What happened at 05:30 UTC

Seven hours into an automated red team scan, the agent was successfully jailbroken. It read OpenClaw's own documentation, found a parameter in the exec tool that let it run commands on the gateway host instead of the sandbox, and rewrote the WhatsApp channel configuration. Changed the DM policy from allowlist to open. Changed the allowed senders from a restricted list to everyone.

That change went live instantly. OpenClaw hot-reloads channel config. No restart, no approval, no delay. No chance to intervene.

Seven minutes later, two real people got unsolicited WhatsApp messages from a jailbroken AI agent.

The part worth paying attention to

The agent didn't exploit a bug. There's nothing to patch here. The problem is architectural, not technical.

OpenClaw's exec tool has a host parameter with three options: sandbox, gateway, or node. The agent found this by reading the docs at /app/docs. It picked gateway and ran commands directly on the host. The sandbox was on and configured correctly the entire time. It just didn't matter.

The deployment had seven tools available. The allow list named four. The deny list blocked six. But exec appeared in neither list. OpenClaw's default behaviour treats any tool not explicitly denied as allowed. So exec was silently available the entire time.

The configuration also set commands.bash: false. But exec is classified as a tool, not a bash command. That restriction didn't apply.

Five security controls were in place. Each one made sense on its own. Together they left a gap the agent found in a single test run. Every step was technically authorised by the system's own rules.

What the numbers show

Minimus delivers on its promises at the infrastructure layer.
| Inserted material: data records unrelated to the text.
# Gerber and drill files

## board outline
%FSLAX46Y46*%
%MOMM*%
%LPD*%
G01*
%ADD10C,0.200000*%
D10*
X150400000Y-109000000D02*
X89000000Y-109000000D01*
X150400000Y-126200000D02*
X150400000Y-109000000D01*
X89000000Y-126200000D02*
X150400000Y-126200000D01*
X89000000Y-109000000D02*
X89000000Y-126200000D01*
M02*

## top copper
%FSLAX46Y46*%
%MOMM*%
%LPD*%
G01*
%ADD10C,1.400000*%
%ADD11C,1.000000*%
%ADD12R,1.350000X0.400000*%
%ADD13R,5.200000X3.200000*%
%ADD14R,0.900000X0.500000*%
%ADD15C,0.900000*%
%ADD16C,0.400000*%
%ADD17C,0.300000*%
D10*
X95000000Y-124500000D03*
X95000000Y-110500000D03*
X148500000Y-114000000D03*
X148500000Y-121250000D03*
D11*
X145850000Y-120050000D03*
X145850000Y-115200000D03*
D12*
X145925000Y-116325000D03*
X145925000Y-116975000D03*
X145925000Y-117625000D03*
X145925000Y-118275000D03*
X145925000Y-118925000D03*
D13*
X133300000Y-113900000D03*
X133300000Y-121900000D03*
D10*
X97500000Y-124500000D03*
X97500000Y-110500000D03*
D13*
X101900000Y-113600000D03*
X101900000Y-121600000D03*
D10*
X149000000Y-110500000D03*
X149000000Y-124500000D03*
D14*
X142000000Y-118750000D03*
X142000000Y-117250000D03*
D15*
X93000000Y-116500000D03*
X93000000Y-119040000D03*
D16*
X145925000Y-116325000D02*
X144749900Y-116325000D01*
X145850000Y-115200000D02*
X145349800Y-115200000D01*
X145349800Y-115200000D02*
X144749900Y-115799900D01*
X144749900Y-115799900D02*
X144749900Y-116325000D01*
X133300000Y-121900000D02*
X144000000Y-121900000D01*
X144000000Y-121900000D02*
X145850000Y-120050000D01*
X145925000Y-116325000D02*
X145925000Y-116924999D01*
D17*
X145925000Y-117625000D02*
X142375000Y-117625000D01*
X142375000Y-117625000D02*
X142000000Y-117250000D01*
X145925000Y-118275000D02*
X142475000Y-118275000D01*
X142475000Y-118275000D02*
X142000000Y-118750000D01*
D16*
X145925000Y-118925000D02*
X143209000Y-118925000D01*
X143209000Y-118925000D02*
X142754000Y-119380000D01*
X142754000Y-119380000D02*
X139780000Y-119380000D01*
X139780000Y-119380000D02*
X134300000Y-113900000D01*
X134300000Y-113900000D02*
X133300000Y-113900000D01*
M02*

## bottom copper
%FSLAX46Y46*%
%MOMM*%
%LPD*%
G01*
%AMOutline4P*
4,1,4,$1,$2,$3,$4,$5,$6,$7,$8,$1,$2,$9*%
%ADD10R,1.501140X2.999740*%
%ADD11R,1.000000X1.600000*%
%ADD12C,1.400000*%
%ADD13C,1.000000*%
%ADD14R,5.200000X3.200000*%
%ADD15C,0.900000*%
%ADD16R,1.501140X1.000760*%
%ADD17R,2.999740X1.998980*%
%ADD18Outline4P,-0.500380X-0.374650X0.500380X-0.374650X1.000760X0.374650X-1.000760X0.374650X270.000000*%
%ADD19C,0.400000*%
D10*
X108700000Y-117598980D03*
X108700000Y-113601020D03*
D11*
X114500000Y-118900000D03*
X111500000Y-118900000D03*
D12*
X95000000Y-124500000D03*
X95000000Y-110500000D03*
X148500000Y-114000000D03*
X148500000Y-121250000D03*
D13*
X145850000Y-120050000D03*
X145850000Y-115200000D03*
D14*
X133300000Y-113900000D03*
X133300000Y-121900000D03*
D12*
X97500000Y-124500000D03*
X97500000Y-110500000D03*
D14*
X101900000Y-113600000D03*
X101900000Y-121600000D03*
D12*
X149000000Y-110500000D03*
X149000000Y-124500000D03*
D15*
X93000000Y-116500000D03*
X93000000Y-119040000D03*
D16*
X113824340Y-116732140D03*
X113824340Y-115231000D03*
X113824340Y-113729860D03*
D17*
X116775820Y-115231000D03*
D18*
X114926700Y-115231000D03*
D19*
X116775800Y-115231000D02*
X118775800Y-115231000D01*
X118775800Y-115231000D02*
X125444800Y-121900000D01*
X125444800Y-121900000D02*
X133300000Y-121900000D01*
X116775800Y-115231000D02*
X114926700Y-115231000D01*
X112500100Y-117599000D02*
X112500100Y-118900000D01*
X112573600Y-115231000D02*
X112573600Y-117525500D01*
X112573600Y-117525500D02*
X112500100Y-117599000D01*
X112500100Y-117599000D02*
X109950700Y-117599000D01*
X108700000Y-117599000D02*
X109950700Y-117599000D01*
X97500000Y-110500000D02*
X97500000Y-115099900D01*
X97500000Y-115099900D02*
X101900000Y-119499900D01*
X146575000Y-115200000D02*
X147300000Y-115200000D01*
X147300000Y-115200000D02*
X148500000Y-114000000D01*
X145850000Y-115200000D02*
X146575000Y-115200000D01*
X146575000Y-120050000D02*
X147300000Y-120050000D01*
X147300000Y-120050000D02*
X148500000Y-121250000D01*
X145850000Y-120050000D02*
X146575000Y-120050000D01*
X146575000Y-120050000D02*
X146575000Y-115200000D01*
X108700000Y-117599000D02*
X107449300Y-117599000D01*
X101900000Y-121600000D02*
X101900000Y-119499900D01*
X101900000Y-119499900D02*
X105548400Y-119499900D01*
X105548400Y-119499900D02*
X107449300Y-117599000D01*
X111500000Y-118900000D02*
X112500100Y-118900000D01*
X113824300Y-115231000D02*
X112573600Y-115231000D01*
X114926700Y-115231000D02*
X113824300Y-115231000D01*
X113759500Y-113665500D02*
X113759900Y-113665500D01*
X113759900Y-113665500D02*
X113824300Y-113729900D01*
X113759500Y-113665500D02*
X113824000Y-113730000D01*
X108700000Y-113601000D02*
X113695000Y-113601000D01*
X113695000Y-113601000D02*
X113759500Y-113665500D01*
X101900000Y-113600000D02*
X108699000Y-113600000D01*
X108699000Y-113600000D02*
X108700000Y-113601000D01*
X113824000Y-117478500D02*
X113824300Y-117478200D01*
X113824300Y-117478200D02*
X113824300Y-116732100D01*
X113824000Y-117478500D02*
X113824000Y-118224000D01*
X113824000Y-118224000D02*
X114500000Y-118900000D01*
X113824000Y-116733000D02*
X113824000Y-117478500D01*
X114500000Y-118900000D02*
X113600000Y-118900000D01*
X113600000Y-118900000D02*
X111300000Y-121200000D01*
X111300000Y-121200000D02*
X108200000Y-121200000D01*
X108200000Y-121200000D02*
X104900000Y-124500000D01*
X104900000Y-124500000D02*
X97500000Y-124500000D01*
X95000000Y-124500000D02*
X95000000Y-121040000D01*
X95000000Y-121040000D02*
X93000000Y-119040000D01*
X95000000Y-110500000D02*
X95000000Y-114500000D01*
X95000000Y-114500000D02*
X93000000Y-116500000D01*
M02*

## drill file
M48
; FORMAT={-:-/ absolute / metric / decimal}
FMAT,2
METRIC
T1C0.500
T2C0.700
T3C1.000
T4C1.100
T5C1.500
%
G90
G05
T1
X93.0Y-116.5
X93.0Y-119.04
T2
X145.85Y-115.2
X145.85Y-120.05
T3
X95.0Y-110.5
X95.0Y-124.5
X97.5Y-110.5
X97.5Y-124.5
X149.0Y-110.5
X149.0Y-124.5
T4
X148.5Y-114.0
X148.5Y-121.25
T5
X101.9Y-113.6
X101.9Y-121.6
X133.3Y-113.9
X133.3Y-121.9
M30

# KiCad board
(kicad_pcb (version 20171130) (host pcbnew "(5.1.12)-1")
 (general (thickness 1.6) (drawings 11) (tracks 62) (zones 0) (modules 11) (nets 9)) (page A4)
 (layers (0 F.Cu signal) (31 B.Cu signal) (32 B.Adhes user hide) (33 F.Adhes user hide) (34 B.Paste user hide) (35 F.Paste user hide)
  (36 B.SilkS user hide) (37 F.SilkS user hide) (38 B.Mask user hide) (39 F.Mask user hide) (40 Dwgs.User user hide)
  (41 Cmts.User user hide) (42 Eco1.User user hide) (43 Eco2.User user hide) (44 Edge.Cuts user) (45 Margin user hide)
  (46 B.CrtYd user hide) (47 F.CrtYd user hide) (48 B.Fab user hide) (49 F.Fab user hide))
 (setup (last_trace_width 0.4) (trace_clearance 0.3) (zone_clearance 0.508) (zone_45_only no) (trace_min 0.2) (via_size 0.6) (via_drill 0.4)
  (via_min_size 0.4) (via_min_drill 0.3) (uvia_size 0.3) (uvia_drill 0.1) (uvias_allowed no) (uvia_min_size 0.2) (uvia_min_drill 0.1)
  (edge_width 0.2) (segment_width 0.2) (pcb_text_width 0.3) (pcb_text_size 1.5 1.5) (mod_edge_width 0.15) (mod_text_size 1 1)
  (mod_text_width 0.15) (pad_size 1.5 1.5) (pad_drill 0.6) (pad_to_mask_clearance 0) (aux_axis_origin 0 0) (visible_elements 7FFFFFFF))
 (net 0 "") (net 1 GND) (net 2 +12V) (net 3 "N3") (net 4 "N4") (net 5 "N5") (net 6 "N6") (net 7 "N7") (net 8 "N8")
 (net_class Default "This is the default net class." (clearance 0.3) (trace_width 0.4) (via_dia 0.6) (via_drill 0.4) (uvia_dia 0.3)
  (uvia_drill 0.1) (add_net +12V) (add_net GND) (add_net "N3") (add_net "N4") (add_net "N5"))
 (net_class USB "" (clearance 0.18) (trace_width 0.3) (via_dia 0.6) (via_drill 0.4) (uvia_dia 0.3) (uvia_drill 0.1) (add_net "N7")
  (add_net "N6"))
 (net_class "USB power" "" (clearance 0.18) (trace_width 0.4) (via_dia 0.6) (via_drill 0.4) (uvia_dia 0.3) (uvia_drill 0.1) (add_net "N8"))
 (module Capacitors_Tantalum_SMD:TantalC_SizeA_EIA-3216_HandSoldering (layer B.Cu) (at 108.7 115.6 270)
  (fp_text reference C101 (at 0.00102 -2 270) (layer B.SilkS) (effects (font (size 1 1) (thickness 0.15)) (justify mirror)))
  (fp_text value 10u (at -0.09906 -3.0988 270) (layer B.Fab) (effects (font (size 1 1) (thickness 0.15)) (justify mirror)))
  (pad 2 smd rect (at 1.99898 0 270) (size 2.99974 1.50114) (layers B.Cu B.Paste B.Mask) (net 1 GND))
  (pad 1 smd rect (at -1.99898 0 270) (size 2.99974 1.50114) (layers B.Cu B.Paste B.Mask) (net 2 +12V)))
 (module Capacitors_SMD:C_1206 (layer B.Cu) (at 113 118.9 180)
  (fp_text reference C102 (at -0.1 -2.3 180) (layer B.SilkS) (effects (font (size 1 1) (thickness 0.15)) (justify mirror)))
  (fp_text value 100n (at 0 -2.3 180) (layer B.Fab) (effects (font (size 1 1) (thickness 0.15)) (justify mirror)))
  (pad 1 smd rect (at -1.5 0 180) (size 1 1.6) (layers B.Cu B.Paste B.Mask) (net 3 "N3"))
  (pad 2 smd rect (at 1.5 0 180) (size 1 1.6) (layers B.Cu B.Paste B.Mask) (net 1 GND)))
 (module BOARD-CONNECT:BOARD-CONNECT (layer F.Cu) (at 95 125 180)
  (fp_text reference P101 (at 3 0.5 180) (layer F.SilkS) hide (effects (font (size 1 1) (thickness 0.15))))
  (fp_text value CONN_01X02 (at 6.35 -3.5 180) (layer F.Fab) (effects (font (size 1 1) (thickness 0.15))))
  (pad 1 thru_hole circle (at 0 0.5 180) (size 1.4 1.4) (drill 1) (layers *.Cu *.Mask) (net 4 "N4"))
  (pad 2 thru_hole circle (at 0 14.5 180) (size 1.4 1.4) (drill 1) (layers *.Cu *.Mask) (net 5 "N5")))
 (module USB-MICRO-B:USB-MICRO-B (layer F.Cu) (at 148.5 114 270)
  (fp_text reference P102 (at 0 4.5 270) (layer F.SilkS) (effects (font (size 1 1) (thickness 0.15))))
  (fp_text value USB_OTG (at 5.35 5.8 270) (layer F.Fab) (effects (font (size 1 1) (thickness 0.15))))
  (pad 6 thru_hole circle (at 0 0 270) (size 1.4 1.4) (drill 1.1) (layers *.Cu *.Mask) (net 1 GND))
  (pad 6 thru_hole circle (at 7.25 0 270) (size 1.4 1.4) (drill 1.1) (layers *.Cu *.Mask) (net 1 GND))
  (pad 6 thru_hole circle (at 6.05 2.65 270) (size 1 1) (drill 0.7) (layers *.Cu *.Mask) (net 1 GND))
  (pad 6 thru_hole circle (at 1.2 2.65 270) (size 1 1) (drill 0.7) (layers *.Cu *.Mask) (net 1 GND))
  (pad 5 smd rect (at 2.325 2.575 270) (size 0.4 1.35) (layers F.Cu F.Paste F.Mask) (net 1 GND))
  (pad 4 smd rect (at 2.975 2.575 270) (size 0.4 1.35) (layers F.Cu F.Paste F.Mask) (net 1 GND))
  (pad 3 smd rect (at 3.625 2.575 270) (size 0.4 1.35) (layers F.Cu F.Paste F.Mask) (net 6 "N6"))
  (pad 2 smd rect (at 4.275 2.575 270) (size 0.4 1.35) (layers F.Cu F.Paste F.Mask) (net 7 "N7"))
  (pad 1 smd rect (at 4.925 2.575 270) (size 0.4 1.35) (layers F.Cu F.Paste F.Mask) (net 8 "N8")))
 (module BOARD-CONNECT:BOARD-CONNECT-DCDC (layer F.Cu) (at 133.3 113.9)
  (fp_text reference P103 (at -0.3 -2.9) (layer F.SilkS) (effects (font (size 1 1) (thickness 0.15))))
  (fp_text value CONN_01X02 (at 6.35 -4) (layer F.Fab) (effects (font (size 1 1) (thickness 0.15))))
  (pad 1 thru_hole rect (at 0 0) (size 5.2 3.2) (drill 1.5) (layers *.Cu *.Mask) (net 8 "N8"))
  (pad 2 thru_hole rect (at 0 8) (size 5.2 3.2) (drill 1.5) (layers *.Cu *.Mask) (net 1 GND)))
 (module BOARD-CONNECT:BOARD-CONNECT (layer F.Cu) (at 97.5 125 180)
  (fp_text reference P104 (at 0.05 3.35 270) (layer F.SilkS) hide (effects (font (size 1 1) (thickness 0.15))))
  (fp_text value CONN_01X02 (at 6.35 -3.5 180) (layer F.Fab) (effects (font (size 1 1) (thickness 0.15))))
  (pad 1 thru_hole circle (at 0 0.5 180) (size 1.4 1.4) (drill 1) (layers *.Cu *.Mask) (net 3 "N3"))
  (pad 2 thru_hole circle (at 0 14.5 180) (size 1.4 1.4) (drill 1) (layers *.Cu *.Mask) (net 1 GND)))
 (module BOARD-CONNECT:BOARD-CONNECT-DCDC (layer F.Cu) (at 101.9 113.6)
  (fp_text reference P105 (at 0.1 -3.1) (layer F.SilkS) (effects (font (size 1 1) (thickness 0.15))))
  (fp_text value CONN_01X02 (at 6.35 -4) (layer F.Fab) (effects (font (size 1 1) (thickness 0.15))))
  (pad 1 thru_hole rect (at 0 0) (size 5.2 3.2) (drill 1.5) (layers *.Cu *.Mask) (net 2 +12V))
  (pad 2 thru_hole rect (at 0 8) (size 5.2 3.2) (drill 1.5) (layers *.Cu *.Mask) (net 1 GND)))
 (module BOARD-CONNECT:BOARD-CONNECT (layer F.Cu) (at 149 110)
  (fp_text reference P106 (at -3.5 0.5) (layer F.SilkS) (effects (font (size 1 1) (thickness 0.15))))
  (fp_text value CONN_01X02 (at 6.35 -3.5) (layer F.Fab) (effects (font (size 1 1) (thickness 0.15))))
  (pad 1 thru_hole circle (at 0 0.5) (size 1.4 1.4) (drill 1) (layers *.Cu *.Mask))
No shell to drop into. No package manager. No unnecessary binaries. The distroless image means traditional container escapes have nothing to work with. SSRF succeeded only 27% of the time. Shell injection hit just 7%. CVE scanners come back nearly clean.

If the threat model is infrastructure vulnerabilities, kernel exploits, dependency CVEs, or container breakout via OS bugs, Minimus is the right tool.

But 131 tests failed in this assessment and zero of them exploited a CVE. Every one used the tools OpenClaw intentionally provides. The model read documentation it was allowed to read. It ran a tool it was allowed to run. It wrote a config it was allowed to write.

Three attack categories exceeded 60% failure rates

Tool discovery: 73%. The agent enumerated every tool available to it, including ones the operator didn't know existed.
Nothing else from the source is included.